Baux d'habitation : date
d'effet de la proposition d'un nouveau loyer
Cass. 3e civ., 27 mars 2002,
nº 00-21.752, nº 597 P + B
Une offre de
renouvellement prématurée, assortie de la proposition d'un nouveau loyer, n'est
pas nulle, mais ses effets sont reportés à l'échéance pour laquelle elle aurait
dû être délivrée.
L'article 17 c de la loi du 6 juillet 1989 permet au bailleur, au moins six mois avant la fin de chaque échéance du bail, de proposer au locataire un renouvellement du contrat à un loyer réévalué, lorsqu'il apparaît que celui-ci est manifestement sous-évalué. Les conditions de forme posées par cet article doivent alors être respectées.
Un bailleur personne morale avait délivré, le 15 novembre 1996, à ses locataires, une proposition de renouvellement du bail avec un nouveau loyer, pour un terme qu'il fixait au 30 juin 1997. Ceux-ci n'ayant pas répondu dans le délai qui leur était imparti, il les a assignés en fixation du montant du loyer.
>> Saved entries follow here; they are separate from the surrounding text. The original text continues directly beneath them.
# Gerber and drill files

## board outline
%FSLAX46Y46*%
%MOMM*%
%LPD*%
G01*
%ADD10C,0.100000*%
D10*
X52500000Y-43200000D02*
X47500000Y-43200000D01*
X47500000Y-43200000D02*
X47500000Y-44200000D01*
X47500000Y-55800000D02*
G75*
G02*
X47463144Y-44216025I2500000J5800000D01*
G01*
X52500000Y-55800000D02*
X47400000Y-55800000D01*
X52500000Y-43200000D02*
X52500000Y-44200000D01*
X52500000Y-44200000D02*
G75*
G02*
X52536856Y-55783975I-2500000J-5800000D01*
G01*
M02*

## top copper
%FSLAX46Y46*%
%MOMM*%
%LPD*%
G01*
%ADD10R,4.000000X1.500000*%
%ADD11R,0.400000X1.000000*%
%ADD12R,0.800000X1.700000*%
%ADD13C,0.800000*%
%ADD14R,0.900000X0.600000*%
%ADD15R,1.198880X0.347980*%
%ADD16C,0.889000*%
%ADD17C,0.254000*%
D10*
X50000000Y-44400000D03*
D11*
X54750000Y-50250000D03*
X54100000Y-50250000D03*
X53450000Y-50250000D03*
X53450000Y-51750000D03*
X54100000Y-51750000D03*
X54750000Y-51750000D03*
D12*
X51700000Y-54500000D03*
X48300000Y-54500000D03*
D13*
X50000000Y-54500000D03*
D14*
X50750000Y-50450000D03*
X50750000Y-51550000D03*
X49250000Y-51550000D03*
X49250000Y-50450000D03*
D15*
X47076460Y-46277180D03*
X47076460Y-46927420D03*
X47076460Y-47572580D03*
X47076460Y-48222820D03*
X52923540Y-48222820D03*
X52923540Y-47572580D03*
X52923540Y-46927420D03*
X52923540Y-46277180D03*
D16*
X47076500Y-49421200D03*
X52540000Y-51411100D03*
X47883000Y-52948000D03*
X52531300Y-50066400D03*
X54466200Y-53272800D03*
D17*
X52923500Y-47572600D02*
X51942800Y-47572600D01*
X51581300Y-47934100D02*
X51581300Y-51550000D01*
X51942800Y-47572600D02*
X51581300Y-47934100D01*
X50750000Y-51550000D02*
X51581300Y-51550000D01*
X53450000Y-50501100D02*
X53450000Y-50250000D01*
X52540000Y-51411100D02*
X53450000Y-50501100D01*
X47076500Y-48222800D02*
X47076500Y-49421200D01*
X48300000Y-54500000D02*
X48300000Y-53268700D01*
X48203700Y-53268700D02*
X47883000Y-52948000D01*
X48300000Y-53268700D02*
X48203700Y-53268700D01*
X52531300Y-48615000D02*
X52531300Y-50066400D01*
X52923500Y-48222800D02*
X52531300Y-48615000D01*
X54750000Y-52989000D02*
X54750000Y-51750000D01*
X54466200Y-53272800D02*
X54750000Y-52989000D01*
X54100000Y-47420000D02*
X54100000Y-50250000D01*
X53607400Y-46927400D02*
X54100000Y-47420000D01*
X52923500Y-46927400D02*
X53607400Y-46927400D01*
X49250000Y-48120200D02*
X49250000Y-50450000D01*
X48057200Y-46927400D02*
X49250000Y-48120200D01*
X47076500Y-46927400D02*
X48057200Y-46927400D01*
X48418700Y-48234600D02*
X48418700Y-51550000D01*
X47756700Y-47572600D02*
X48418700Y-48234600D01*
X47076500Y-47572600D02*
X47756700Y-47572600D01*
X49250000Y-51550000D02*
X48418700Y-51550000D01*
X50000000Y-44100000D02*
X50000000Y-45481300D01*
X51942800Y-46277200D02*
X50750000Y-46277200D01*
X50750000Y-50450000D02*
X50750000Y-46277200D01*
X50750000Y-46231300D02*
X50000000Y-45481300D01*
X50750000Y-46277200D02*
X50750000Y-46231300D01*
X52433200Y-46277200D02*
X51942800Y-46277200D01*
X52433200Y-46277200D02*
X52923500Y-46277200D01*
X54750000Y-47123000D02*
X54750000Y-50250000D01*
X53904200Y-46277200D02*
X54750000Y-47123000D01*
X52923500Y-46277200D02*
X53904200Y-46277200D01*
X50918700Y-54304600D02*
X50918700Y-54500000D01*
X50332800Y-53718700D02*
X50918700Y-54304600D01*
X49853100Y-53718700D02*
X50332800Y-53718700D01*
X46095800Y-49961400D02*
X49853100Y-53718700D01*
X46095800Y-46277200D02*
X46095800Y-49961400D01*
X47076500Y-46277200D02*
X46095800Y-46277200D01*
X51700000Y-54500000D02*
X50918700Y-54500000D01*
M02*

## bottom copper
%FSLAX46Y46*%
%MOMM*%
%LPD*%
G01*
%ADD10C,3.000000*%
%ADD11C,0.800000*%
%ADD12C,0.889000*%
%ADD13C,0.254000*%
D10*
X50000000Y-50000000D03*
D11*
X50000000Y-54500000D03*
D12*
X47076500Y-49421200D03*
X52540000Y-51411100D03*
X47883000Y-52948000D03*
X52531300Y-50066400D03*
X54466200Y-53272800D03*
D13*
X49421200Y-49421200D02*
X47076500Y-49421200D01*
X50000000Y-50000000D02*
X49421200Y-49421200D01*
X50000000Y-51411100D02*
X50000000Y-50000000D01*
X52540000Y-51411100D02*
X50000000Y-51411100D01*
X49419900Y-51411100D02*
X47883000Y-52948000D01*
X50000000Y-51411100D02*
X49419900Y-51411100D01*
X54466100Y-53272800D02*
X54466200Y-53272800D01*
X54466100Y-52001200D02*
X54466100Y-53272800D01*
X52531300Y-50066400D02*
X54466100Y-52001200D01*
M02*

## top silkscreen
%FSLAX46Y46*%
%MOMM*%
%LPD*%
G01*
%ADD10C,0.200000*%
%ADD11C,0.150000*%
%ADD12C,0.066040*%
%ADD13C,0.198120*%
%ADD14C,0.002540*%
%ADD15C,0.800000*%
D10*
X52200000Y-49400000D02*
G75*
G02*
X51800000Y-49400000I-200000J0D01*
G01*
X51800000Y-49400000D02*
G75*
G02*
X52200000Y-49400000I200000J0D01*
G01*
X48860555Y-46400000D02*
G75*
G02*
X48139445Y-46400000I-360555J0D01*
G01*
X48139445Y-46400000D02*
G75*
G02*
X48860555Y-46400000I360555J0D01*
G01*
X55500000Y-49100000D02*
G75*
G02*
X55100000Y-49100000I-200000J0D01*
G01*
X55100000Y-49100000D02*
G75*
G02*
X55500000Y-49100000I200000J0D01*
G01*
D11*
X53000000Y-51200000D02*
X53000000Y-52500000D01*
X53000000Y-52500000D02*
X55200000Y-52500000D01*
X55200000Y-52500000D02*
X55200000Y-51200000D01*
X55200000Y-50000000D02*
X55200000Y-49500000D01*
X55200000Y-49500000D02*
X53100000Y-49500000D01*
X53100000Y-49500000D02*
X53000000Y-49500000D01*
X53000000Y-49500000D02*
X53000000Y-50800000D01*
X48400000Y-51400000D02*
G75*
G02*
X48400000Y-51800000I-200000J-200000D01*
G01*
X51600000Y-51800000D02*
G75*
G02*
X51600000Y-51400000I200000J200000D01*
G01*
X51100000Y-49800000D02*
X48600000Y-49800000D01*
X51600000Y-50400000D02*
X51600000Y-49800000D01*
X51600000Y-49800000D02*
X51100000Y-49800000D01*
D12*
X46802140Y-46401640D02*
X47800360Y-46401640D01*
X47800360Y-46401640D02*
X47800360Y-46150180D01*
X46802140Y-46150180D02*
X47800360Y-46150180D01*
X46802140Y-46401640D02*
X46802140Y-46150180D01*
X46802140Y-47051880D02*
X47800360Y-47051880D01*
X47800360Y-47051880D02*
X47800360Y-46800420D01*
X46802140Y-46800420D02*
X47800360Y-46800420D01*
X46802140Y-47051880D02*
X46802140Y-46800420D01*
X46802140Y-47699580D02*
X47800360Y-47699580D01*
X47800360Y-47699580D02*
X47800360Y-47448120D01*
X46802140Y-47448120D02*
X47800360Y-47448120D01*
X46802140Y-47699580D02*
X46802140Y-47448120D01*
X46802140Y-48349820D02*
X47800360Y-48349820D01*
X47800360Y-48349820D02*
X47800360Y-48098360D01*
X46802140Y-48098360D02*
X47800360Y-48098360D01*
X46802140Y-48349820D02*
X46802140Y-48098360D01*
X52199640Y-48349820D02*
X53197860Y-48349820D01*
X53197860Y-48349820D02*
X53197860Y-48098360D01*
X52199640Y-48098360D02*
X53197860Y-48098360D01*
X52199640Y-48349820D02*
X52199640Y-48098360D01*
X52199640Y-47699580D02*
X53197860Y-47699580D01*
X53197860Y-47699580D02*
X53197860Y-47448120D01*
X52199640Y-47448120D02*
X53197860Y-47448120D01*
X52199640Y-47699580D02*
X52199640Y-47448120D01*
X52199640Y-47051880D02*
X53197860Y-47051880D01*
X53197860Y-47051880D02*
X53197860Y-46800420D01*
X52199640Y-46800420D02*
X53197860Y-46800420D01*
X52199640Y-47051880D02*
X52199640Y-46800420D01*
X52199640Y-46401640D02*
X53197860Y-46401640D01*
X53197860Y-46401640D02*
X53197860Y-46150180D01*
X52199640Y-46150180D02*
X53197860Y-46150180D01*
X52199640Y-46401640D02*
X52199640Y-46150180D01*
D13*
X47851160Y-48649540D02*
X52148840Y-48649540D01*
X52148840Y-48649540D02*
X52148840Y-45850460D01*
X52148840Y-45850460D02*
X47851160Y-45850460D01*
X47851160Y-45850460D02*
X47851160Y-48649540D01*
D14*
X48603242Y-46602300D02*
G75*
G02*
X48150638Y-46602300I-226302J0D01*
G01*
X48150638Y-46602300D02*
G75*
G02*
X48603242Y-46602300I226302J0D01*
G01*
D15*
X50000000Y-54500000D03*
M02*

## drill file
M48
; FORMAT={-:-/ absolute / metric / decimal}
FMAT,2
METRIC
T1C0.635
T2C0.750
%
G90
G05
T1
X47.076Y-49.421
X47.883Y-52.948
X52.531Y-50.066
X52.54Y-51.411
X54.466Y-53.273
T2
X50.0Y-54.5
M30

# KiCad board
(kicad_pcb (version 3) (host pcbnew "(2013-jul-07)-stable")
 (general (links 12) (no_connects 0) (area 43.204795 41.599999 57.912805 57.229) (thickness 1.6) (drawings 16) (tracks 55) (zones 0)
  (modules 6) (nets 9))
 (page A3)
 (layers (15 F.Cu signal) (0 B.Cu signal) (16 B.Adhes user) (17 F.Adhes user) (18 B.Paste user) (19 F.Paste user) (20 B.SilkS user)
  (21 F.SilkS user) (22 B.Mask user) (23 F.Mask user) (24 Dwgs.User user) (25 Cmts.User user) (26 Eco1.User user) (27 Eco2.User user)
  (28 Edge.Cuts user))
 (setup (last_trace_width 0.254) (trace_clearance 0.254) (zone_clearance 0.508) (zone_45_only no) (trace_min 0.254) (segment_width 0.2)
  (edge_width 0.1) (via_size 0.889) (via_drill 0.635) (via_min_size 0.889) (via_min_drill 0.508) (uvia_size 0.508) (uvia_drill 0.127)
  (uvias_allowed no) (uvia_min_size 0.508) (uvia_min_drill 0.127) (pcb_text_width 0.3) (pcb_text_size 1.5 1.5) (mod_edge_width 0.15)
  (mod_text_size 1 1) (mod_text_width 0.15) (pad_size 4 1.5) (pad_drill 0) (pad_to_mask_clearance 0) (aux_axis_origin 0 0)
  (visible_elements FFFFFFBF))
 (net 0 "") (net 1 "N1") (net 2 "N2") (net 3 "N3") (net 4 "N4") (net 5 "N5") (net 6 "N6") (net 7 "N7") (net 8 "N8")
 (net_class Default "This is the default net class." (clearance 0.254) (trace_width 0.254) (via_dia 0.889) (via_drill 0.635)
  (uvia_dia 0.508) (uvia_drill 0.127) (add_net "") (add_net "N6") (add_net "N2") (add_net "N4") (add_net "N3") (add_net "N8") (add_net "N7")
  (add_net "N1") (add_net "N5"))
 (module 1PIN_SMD (layer F.Cu) (at 50 44.4)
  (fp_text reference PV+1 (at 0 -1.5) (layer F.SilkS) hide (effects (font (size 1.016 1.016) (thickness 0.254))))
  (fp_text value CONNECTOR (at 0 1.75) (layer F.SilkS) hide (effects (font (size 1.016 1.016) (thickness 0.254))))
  (pad 1 smd rect (at 0 0) (size 4 1.5) (layers F.Cu F.Paste F.Mask) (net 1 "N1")))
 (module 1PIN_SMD (layer B.Cu) (at 50 50)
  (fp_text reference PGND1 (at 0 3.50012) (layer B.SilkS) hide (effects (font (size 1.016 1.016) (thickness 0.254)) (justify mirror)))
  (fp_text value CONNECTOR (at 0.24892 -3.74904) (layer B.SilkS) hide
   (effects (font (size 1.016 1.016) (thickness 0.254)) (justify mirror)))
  (pad 1 smd circle (at 0 0) (size 3 3) (layers B.Cu B.Paste B.Mask) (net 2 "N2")))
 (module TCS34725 (layer F.Cu) (at 54.1 51 90)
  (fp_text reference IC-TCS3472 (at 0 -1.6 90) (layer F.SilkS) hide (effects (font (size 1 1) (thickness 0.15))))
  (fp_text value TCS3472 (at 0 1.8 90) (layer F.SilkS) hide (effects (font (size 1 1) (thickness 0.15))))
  (fp_line (start -0.2 -1.1) (end -1.5 -1.1) (layer F.SilkS) (width 0.15))
  (fp_line (start -1.5 -1.1) (end -1.5 1.1) (layer F.SilkS) (width 0.15))
  (fp_line (start -1.5 1.1) (end -0.2 1.1) (layer F.SilkS) (width 0.15))
  (fp_line (start 1 1.1) (end 1.5 1.1) (layer F.SilkS) (width 0.15))
  (fp_line (start 1.5 1.1) (end 1.5 -1) (layer F.SilkS) (width 0.15))
  (fp_line (start 1.5 -1) (end 1.5 -1.1) (layer F.SilkS) (width 0.15))
  (fp_line (start 1.5 -1.1) (end 0.2 -1.1) (layer F.SilkS) (width 0.15))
La cour d'appel a considéré que cette proposition était nulle, car elle n'indiquait pas la date exacte du renouvellement. En effet, le bail expirait en réalité le 30 juin 2000, puisqu'il était conclu pour six ans, le bailleur étant une personne morale. La conséquence de cette nullité était fâcheuse pour le bailleur, qui était condamné à ne pas pouvoir demander la réévaluation du loyer avant la prochaine échéance, soit le 30 juin 2006.
La Cour de cassation censure cette décision, au motif que le fait de délivrer prématurément une offre de renouvellement n'entraîne pas sa nullité, mais reporte ses effets à la date à laquelle elle aurait dû être formulée.
Cette affirmation se justifie, dans la mesure où l'article 17 c de la loi du 6 juillet 1989 ne pose que trois exigences de forme : la demande d'augmentation du loyer doit reproduire intégralement l'article 17 c, elle doit mentionner le montant du loyer demandé ainsi que la liste des références servant à la détermination de ce nouveau loyer. La date pour laquelle le renouvellement est demandé n'étant pas citée, elle ne peut être une cause de nullité, qui, par ailleurs, n'est prononcée que si l'irrégularité cause un grief au locataire en vertu de l'article 114 du nouveau code de procédure civile (Cass. 3e civ., 5 avr. 1995, nº 93-16.914). La validité de la proposition n'est donc pas conditionnée par l'indication de la date exacte du renouvellement.